Task brief: Write down, unchanged, the entries from the first line through the line holding "X135.738Y-113.894". Include no other line.

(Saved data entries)

++++

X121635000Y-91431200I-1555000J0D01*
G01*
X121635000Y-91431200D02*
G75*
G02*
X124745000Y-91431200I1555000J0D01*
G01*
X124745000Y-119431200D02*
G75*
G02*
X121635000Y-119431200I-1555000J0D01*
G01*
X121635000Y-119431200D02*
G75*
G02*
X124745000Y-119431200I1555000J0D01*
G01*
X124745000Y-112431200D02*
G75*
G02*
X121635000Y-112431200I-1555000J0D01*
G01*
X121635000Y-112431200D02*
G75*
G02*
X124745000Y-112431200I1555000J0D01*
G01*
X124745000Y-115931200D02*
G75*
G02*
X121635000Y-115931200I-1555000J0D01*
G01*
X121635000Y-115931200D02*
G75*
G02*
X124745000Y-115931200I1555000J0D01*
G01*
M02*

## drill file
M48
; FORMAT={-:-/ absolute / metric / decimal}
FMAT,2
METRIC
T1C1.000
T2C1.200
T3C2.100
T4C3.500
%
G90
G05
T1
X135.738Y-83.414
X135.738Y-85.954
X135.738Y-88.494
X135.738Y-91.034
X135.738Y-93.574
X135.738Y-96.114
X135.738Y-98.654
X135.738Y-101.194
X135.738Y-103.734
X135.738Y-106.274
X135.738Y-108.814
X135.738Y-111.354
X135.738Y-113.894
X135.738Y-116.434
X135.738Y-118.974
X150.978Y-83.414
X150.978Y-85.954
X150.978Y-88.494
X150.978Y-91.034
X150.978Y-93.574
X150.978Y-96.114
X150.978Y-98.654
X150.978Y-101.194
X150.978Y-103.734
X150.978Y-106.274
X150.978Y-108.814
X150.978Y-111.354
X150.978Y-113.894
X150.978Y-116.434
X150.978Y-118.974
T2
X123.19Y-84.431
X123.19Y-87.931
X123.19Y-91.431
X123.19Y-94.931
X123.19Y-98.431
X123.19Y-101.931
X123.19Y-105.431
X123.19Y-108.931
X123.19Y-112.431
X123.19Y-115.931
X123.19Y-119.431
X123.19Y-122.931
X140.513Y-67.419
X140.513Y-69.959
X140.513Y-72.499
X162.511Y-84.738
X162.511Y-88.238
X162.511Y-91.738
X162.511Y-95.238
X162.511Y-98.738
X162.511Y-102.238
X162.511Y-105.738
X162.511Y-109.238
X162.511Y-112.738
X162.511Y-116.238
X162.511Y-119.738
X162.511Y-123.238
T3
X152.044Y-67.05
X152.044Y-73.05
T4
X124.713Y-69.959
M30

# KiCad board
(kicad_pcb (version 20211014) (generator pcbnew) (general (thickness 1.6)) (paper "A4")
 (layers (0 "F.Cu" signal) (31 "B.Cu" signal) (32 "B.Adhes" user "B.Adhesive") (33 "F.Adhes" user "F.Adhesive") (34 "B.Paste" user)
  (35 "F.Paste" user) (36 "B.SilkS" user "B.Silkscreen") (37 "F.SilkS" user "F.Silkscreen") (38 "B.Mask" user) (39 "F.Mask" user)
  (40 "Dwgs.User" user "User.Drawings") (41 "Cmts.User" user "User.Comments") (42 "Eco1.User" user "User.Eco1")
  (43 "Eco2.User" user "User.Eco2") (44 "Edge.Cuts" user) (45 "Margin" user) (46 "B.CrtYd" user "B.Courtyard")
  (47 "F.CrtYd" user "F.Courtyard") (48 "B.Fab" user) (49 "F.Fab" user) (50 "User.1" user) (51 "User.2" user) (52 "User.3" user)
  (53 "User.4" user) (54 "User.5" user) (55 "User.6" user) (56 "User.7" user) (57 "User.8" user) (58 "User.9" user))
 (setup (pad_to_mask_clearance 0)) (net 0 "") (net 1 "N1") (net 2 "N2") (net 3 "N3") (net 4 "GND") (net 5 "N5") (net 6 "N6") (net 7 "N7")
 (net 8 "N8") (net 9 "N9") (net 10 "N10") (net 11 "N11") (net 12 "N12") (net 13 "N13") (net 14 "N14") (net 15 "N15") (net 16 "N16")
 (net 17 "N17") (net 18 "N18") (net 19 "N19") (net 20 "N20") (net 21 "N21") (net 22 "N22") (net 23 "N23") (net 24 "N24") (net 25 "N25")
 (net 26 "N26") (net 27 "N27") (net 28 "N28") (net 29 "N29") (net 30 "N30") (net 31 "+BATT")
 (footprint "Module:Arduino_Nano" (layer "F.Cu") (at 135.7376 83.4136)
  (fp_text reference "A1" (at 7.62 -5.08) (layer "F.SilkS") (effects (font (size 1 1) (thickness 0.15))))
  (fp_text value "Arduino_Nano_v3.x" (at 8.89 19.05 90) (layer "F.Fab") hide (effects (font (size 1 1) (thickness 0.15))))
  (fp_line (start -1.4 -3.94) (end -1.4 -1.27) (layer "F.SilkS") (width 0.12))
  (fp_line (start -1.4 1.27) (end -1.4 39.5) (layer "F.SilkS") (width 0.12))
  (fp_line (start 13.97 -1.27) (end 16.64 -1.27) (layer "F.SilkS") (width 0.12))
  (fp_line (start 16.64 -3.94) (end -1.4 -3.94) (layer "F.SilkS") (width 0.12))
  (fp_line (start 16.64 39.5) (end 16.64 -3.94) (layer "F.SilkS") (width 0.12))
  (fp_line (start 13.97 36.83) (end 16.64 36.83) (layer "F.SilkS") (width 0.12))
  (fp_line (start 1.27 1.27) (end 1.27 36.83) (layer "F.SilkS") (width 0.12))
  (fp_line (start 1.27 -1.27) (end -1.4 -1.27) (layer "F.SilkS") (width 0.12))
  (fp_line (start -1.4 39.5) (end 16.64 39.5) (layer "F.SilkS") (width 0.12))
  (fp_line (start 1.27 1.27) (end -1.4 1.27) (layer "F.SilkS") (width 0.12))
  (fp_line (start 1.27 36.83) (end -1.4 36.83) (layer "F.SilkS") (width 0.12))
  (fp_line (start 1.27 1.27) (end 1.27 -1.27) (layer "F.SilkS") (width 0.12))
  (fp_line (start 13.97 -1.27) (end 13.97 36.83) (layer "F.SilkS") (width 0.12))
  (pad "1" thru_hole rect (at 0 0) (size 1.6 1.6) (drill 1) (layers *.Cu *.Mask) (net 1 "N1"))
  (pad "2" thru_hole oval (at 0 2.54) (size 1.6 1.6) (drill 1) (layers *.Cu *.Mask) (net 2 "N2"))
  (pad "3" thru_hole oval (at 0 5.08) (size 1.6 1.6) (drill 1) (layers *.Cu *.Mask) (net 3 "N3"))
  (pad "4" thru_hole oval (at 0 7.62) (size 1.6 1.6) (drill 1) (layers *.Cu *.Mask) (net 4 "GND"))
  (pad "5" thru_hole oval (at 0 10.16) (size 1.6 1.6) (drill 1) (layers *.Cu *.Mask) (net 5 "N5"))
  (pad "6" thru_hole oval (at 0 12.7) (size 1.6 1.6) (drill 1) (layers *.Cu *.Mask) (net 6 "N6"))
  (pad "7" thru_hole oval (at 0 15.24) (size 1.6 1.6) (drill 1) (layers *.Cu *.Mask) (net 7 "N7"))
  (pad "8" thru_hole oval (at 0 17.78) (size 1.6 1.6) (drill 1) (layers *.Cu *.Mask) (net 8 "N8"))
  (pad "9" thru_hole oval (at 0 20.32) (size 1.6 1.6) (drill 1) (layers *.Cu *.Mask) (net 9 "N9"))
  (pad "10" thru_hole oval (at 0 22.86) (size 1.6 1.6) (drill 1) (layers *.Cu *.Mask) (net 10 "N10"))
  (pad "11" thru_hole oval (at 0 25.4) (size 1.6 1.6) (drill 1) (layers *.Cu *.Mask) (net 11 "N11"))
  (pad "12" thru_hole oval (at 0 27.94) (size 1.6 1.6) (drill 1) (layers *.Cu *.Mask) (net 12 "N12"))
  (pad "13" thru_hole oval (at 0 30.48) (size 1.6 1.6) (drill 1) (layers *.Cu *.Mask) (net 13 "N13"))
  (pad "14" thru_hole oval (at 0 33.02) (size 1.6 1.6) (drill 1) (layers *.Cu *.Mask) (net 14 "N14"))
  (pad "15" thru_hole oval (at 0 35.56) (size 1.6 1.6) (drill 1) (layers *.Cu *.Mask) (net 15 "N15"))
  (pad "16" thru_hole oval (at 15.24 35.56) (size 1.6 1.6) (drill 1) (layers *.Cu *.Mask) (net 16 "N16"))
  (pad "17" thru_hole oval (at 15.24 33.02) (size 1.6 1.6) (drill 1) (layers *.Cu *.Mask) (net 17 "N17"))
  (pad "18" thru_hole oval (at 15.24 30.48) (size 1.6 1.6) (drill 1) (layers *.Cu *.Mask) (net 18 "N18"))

++++

The answer:
X121635000Y-91431200I-1555000J0D01*
G01*
X121635000Y-91431200D02*
G75*
G02*
X124745000Y-91431200I1555000J0D01*
G01*
X124745000Y-119431200D02*
G75*
G02*
X121635000Y-119431200I-1555000J0D01*
G01*
X121635000Y-119431200D02*
G75*
G02*
X124745000Y-119431200I1555000J0D01*
G01*
X124745000Y-112431200D02*
G75*
G02*
X121635000Y-112431200I-1555000J0D01*
G01*
X121635000Y-112431200D02*
G75*
G02*
X124745000Y-112431200I1555000J0D01*
G01*
X124745000Y-115931200D02*
G75*
G02*
X121635000Y-115931200I-1555000J0D01*
G01*
X121635000Y-115931200D02*
G75*
G02*
X124745000Y-115931200I1555000J0D01*
G01*
M02*

## drill file
M48
; FORMAT={-:-/ absolute / metric / decimal}
FMAT,2
METRIC
T1C1.000
T2C1.200
T3C2.100
T4C3.500
%
G90
G05
T1
X135.738Y-83.414
X135.738Y-85.954
X135.738Y-88.494
X135.738Y-91.034
X135.738Y-93.574
X135.738Y-96.114
X135.738Y-98.654
X135.738Y-101.194
X135.738Y-103.734
X135.738Y-106.274
X135.738Y-108.814
X135.738Y-111.354
X135.738Y-113.894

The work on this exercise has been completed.